Friday, December 20, 2019
Israel Klein (Ariel University), Contemptuous Tax Reporting, 2019 Wis. L. Rev. ___:
The use of self-reporting and self-assessment principles in the collection of corporate income tax means that companies are not subject to administrative tax assessment and ex-ante examination of tax positions taken, but rather to infrequent ex-post examination of tax returns submitted by their managers. Thus, while acting as the government’s agents for the purpose of assessing corporate taxes, managers can engage in contemptuous self-reporting that involves knowingly reporting tax positions that do not conform to the tax code and prevailing tax doctrines.
According to estimates provided by Congress, US companies will enjoy more than 25 billion dollars of R&D incentives in 2019 & 2020. The majority thereof will come from self-reported R&D credits claimed on companies’ tax returns. While being one of the most expensive tax expenditures claimed by corporations in the federal budget, this article argues that R&D tax incentives provide a prominent example of contemptuous tax reporting in which managers knowingly take positions that contradict prevailing tax doctrines.

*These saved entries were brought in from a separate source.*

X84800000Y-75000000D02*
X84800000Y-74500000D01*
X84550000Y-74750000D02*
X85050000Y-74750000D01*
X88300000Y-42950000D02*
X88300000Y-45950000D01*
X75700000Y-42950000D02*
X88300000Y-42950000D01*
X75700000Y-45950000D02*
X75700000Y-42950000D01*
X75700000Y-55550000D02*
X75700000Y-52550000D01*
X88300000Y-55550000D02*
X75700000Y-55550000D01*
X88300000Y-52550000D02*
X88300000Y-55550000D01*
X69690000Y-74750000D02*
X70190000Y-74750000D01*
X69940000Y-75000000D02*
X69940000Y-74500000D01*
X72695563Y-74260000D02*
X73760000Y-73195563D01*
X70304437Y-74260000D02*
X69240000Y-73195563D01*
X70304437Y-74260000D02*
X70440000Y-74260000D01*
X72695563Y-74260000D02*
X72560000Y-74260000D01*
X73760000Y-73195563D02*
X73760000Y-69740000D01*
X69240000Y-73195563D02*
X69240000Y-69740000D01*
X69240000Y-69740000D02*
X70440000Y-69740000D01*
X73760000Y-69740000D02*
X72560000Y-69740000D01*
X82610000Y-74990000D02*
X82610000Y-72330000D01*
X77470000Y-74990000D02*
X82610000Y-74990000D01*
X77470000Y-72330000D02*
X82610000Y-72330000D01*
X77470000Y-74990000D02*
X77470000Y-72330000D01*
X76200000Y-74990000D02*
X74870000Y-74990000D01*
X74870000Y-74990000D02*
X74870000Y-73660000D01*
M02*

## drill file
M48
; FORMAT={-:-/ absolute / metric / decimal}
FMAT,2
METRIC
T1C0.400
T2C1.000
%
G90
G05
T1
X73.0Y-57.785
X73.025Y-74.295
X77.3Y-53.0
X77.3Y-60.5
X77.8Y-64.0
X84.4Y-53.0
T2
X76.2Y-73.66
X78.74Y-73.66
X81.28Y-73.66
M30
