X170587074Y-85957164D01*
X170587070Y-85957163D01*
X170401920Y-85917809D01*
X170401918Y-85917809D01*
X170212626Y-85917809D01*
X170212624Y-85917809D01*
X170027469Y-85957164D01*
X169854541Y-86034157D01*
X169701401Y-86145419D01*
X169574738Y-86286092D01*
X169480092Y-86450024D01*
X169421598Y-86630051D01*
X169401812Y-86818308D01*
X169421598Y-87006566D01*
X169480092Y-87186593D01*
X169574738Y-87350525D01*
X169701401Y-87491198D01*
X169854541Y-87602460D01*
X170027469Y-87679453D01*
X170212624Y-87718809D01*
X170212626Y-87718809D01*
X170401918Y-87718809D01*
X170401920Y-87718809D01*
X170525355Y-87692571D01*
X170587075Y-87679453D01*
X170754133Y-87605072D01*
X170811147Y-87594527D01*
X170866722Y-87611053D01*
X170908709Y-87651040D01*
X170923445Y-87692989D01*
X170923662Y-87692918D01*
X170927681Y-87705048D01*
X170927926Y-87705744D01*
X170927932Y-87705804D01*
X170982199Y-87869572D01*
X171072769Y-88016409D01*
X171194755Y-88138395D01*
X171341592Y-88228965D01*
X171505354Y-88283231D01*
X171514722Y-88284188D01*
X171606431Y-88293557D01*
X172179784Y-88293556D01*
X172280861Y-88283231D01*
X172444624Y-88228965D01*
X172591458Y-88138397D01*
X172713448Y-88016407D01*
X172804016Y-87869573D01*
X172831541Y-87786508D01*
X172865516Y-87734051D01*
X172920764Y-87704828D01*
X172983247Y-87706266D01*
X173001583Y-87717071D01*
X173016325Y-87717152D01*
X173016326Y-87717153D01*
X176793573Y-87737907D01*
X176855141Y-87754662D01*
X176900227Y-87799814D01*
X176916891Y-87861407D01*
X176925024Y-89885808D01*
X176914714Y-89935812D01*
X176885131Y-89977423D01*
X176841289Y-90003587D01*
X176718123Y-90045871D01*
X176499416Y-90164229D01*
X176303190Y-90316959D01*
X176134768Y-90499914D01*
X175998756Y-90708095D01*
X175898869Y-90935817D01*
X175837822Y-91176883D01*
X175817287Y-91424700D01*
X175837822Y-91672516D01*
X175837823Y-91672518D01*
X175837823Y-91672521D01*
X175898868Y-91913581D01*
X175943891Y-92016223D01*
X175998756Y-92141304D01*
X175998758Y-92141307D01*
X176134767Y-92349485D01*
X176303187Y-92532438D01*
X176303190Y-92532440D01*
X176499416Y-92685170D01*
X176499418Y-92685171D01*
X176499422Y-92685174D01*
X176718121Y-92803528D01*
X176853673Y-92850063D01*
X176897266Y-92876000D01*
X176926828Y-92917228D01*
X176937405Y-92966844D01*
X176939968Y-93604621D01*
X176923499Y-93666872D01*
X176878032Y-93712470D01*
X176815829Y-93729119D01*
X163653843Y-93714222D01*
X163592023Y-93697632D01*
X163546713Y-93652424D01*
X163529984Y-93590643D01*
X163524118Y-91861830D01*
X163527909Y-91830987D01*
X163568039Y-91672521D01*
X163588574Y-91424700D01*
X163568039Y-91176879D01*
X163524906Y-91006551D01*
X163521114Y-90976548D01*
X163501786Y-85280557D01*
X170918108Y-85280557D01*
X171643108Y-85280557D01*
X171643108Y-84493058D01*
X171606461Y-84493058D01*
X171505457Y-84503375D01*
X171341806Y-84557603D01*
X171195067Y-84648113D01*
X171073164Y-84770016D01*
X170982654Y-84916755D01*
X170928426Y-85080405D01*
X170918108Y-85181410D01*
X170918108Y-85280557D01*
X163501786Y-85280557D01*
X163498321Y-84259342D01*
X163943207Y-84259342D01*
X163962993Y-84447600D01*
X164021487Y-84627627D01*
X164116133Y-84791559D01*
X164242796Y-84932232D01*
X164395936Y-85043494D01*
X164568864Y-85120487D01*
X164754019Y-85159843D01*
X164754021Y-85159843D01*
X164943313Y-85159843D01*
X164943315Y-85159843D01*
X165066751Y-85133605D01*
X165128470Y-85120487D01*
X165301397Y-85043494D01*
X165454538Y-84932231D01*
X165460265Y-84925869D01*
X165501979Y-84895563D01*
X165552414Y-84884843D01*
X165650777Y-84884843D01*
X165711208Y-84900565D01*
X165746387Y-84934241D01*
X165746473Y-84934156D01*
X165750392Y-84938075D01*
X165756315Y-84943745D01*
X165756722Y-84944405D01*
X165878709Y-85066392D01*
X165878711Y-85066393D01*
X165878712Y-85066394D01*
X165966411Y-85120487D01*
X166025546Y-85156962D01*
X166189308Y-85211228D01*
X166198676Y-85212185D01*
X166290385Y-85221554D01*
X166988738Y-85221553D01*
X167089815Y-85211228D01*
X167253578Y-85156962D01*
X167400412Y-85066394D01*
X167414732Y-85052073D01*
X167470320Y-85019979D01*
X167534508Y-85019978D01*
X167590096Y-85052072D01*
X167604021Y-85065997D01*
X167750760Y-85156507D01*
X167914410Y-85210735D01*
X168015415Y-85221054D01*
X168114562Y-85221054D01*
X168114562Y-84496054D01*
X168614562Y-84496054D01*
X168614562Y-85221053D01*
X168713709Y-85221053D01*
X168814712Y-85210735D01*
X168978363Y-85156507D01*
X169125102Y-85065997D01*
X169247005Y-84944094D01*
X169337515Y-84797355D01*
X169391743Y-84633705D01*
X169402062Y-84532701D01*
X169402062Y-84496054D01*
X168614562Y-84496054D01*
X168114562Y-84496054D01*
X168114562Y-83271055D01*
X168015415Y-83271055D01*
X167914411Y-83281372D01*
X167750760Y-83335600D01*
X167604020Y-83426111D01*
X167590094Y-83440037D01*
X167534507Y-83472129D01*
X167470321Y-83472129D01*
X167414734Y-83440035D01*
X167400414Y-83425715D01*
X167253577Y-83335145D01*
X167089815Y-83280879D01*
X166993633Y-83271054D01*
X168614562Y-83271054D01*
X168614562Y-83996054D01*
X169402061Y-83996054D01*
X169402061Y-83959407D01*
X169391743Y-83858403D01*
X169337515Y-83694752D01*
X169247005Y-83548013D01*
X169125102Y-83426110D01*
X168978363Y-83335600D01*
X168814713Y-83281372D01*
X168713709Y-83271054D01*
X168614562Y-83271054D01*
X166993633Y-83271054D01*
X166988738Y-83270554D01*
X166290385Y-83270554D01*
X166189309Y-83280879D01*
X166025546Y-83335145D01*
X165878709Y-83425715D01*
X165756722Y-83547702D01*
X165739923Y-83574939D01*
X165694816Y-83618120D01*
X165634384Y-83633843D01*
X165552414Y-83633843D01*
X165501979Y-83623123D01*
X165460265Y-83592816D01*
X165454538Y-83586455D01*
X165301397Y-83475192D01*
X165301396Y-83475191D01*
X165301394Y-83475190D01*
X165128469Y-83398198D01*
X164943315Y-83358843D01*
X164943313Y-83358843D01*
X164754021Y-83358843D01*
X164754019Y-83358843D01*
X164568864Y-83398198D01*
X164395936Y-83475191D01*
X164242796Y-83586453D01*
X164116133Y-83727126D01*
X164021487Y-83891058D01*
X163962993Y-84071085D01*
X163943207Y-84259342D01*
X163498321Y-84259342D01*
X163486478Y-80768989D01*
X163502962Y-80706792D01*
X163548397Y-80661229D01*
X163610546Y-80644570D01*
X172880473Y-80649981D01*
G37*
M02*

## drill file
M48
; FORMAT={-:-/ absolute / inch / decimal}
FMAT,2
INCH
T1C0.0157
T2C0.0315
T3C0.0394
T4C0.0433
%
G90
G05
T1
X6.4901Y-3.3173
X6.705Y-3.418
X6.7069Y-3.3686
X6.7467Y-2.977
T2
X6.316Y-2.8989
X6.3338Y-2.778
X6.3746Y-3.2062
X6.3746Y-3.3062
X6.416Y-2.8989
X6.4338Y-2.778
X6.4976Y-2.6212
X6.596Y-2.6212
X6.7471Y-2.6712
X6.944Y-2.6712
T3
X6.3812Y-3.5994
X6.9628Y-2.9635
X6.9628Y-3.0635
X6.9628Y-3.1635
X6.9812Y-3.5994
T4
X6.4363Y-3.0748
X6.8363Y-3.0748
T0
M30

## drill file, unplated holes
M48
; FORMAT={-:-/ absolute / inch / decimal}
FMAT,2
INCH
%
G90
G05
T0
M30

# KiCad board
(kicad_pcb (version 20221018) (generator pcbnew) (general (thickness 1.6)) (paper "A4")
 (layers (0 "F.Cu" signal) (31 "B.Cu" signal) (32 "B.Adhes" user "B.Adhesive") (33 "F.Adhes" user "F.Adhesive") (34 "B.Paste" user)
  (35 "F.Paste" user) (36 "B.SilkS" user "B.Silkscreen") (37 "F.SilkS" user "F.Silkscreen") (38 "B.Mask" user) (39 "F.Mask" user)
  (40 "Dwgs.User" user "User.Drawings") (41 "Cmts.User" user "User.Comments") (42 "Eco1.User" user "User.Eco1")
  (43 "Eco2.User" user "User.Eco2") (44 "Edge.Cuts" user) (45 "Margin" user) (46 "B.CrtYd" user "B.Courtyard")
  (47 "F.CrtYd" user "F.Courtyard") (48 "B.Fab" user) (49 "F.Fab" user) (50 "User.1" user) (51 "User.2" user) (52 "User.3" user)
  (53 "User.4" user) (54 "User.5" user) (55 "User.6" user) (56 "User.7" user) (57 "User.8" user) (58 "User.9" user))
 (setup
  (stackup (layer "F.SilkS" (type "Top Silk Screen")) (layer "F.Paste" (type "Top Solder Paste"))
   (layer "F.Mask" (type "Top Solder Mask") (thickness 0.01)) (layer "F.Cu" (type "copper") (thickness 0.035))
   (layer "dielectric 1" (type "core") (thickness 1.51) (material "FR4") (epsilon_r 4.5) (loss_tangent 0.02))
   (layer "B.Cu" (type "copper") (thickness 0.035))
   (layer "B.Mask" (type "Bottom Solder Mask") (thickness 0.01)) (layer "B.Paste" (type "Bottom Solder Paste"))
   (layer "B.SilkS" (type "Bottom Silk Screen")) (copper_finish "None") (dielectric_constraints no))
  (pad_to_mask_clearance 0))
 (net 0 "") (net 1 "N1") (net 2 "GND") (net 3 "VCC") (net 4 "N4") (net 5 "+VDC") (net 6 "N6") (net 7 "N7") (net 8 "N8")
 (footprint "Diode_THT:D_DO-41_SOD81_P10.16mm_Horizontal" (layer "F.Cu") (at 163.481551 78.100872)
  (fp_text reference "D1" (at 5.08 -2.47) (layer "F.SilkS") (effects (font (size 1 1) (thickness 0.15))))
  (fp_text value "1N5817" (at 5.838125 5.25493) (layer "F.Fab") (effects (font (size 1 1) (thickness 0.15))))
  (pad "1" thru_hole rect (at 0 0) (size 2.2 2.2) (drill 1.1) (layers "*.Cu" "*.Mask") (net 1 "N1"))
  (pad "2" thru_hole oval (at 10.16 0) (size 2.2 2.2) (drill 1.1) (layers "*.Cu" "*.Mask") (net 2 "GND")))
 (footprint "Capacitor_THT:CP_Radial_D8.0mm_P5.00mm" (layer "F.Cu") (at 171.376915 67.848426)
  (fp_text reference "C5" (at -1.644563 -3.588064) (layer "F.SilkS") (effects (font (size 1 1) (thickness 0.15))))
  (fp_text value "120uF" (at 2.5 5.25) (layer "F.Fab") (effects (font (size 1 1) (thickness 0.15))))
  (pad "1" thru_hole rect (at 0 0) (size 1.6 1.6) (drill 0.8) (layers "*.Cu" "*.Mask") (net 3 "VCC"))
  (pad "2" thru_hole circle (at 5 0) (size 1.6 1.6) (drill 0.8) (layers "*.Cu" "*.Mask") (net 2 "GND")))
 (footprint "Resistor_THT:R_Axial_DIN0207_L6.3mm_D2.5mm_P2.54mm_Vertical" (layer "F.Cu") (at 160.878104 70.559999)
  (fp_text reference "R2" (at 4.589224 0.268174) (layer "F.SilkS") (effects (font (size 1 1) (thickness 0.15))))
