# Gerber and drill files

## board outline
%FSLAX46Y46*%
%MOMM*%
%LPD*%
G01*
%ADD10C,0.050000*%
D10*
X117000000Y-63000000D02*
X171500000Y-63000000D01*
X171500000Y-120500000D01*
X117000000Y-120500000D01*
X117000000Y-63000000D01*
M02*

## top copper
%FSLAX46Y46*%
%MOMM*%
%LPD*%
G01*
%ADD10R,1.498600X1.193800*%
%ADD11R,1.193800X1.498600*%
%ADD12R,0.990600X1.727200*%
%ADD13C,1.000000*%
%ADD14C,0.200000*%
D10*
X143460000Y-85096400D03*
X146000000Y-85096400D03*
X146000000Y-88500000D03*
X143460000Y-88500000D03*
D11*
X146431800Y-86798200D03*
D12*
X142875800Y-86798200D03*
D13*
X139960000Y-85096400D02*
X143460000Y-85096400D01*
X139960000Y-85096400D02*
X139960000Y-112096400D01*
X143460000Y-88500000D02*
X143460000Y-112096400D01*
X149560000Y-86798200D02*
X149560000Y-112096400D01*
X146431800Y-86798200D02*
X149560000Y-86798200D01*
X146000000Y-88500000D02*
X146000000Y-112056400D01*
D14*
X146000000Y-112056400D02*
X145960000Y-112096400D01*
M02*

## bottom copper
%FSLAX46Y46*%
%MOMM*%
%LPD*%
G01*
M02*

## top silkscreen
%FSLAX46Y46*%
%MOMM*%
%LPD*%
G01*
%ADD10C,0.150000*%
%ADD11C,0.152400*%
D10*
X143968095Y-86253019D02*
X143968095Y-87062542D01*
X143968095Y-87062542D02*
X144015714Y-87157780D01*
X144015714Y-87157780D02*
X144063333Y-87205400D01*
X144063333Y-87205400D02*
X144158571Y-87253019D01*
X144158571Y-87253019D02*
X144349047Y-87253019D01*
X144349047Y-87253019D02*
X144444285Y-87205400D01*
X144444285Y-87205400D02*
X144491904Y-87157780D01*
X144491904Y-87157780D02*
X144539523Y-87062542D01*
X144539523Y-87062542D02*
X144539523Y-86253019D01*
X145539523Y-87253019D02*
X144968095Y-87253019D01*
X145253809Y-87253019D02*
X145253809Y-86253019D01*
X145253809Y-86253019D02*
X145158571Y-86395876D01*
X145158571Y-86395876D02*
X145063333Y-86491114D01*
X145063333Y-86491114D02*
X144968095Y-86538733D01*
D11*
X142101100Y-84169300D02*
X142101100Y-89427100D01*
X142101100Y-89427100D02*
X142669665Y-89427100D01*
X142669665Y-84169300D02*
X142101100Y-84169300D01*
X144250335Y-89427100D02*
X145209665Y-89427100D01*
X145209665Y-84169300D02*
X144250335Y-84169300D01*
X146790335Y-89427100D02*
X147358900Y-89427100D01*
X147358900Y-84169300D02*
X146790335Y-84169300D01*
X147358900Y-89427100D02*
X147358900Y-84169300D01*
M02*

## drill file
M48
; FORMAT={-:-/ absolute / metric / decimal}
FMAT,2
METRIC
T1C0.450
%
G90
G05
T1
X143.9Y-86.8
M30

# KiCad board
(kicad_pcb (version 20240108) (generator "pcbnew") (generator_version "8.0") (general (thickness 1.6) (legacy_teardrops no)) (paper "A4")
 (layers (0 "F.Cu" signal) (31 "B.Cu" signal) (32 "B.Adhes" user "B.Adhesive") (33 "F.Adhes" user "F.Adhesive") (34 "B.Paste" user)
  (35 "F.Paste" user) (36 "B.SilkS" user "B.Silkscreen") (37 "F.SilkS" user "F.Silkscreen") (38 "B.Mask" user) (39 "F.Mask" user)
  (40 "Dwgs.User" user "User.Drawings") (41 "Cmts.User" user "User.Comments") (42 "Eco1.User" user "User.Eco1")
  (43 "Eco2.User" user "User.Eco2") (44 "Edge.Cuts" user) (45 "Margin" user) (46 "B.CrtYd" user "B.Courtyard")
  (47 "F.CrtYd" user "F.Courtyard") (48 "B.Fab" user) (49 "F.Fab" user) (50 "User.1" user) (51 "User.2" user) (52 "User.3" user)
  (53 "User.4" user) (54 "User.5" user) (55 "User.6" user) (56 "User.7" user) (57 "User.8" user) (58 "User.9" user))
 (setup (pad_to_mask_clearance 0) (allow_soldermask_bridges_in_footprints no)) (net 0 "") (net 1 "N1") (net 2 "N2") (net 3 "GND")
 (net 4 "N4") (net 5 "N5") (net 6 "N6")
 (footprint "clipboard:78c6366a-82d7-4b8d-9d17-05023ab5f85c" (layer "F.Cu") (at 143.9 86.8)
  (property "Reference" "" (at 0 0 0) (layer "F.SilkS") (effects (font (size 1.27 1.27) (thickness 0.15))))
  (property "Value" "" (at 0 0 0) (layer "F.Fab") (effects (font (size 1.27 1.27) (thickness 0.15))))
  (pad "" np_thru_hole circle (at 0 0) (size 0.45 0.45) (drill 0.45) (layers "*.Mask")))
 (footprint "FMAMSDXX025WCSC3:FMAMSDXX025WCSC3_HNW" (layer "F.Cu") (at 144.73 86.7982)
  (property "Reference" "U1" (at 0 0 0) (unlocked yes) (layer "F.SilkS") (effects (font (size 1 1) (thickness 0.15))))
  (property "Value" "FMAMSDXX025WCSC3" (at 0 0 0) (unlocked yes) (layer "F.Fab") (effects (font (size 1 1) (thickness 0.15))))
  (fp_line (start -2.6289 -2.6289) (end -2.6289 2.6289) (stroke (width 0.1524) (type solid)) (layer "F.SilkS"))
  (fp_line (start -2.6289 2.6289) (end -2.060335 2.6289) (stroke (width 0.1524) (type solid)) (layer "F.SilkS"))
  (fp_line (start -2.060335 -2.6289) (end -2.6289 -2.6289) (stroke (width 0.1524) (type solid)) (layer "F.SilkS"))
  (fp_line (start -0.479665 2.6289) (end 0.479665 2.6289) (stroke (width 0.1524) (type solid)) (layer "F.SilkS"))
  (fp_line (start 0.479665 -2.6289) (end -0.479665 -2.6289) (stroke (width 0.1524) (type solid)) (layer "F.SilkS"))
  (fp_line (start 2.060335 2.6289) (end 2.6289 2.6289) (stroke (width 0.1524) (type solid)) (layer "F.SilkS"))
  (fp_line (start 2.6289 -2.6289) (end 2.060335 -2.6289) (stroke (width 0.1524) (type solid)) (layer "F.SilkS"))
  (fp_line (start 2.6289 2.6289) (end 2.6289 -2.6289) (stroke (width 0.1524) (type solid)) (layer "F.SilkS"))
  (pad "1" smd rect (at -1.27 -1.7018) (size 1.4986 1.1938) (layers "F.Cu" "F.Paste" "F.Mask") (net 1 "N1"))
  (pad "2" smd rect (at 1.27 -1.7018) (size 1.4986 1.1938) (layers "F.Cu" "F.Paste" "F.Mask") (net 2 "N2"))
  (pad "3" smd rect (at 1.27 1.7018) (size 1.4986 1.1938) (layers "F.Cu" "F.Paste" "F.Mask") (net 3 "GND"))
  (pad "4" smd rect (at -1.27 1.7018) (size 1.4986 1.1938) (layers "F.Cu" "F.Paste" "F.Mask") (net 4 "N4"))
  (pad "5" smd rect (at 1.7018 0) (size 1.1938 1.4986) (layers "F.Cu" "F.Mask") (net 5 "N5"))
  (pad "6" smd rect (at -1.8542 0) (size 0.9906 1.7272) (layers "F.Cu" "F.Paste" "F.Mask") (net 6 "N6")))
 (gr_rect (start 117 63) (end 171.5 120.5) (stroke (width 0.05) (type default)) (fill none) (layer "Edge.Cuts"))
 (segment (start 139.96 85.0964) (end 143.46 85.0964) (width 1) (layer "F.Cu") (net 1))
 (segment (start 139.96 85.0964) (end 139.96 112.0964) (width 1) (layer "F.Cu") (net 1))
 (segment (start 143.46 88.5) (end 143.46 112.0964) (width 1) (layer "F.Cu") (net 4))
 (segment (start 149.56 86.7982) (end 149.56 112.0964) (width 1) (layer "F.Cu") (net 5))
 (segment (start 146.4318 86.7982) (end 149.56 86.7982) (width 1) (layer "F.Cu") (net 5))
 (segment (start 146 88.5) (end 146 112.0564) (width 1) (layer "F.Cu") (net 3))
 (segment (start 146 112.0564) (end 145.96 112.0964) (width 0.2) (layer "F.Cu") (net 3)))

This article presents a novel conceptualization of contemptuous tax reporting along with empirical findings that point to the tremendous loss of tax revenues resulting from such abusive tax behavior by S&P 500 companies.
Moreover, the article overcomes the challenges existing scholars face when empirically analyzing corporate tax behavior as a single homogenous phenomenon even though, normatively speaking, it encompasses both legal tax avoidance and illegal tax evasion.
Following the analysis of additional empirical findings, showing a significant positive correlation between R&D expenditures and contemptuous tax reporting, this article further contributes by proposing measures for minimizing contemptuous tax reporting with respect to inflated or intentionally miscategorized R&D expenditures.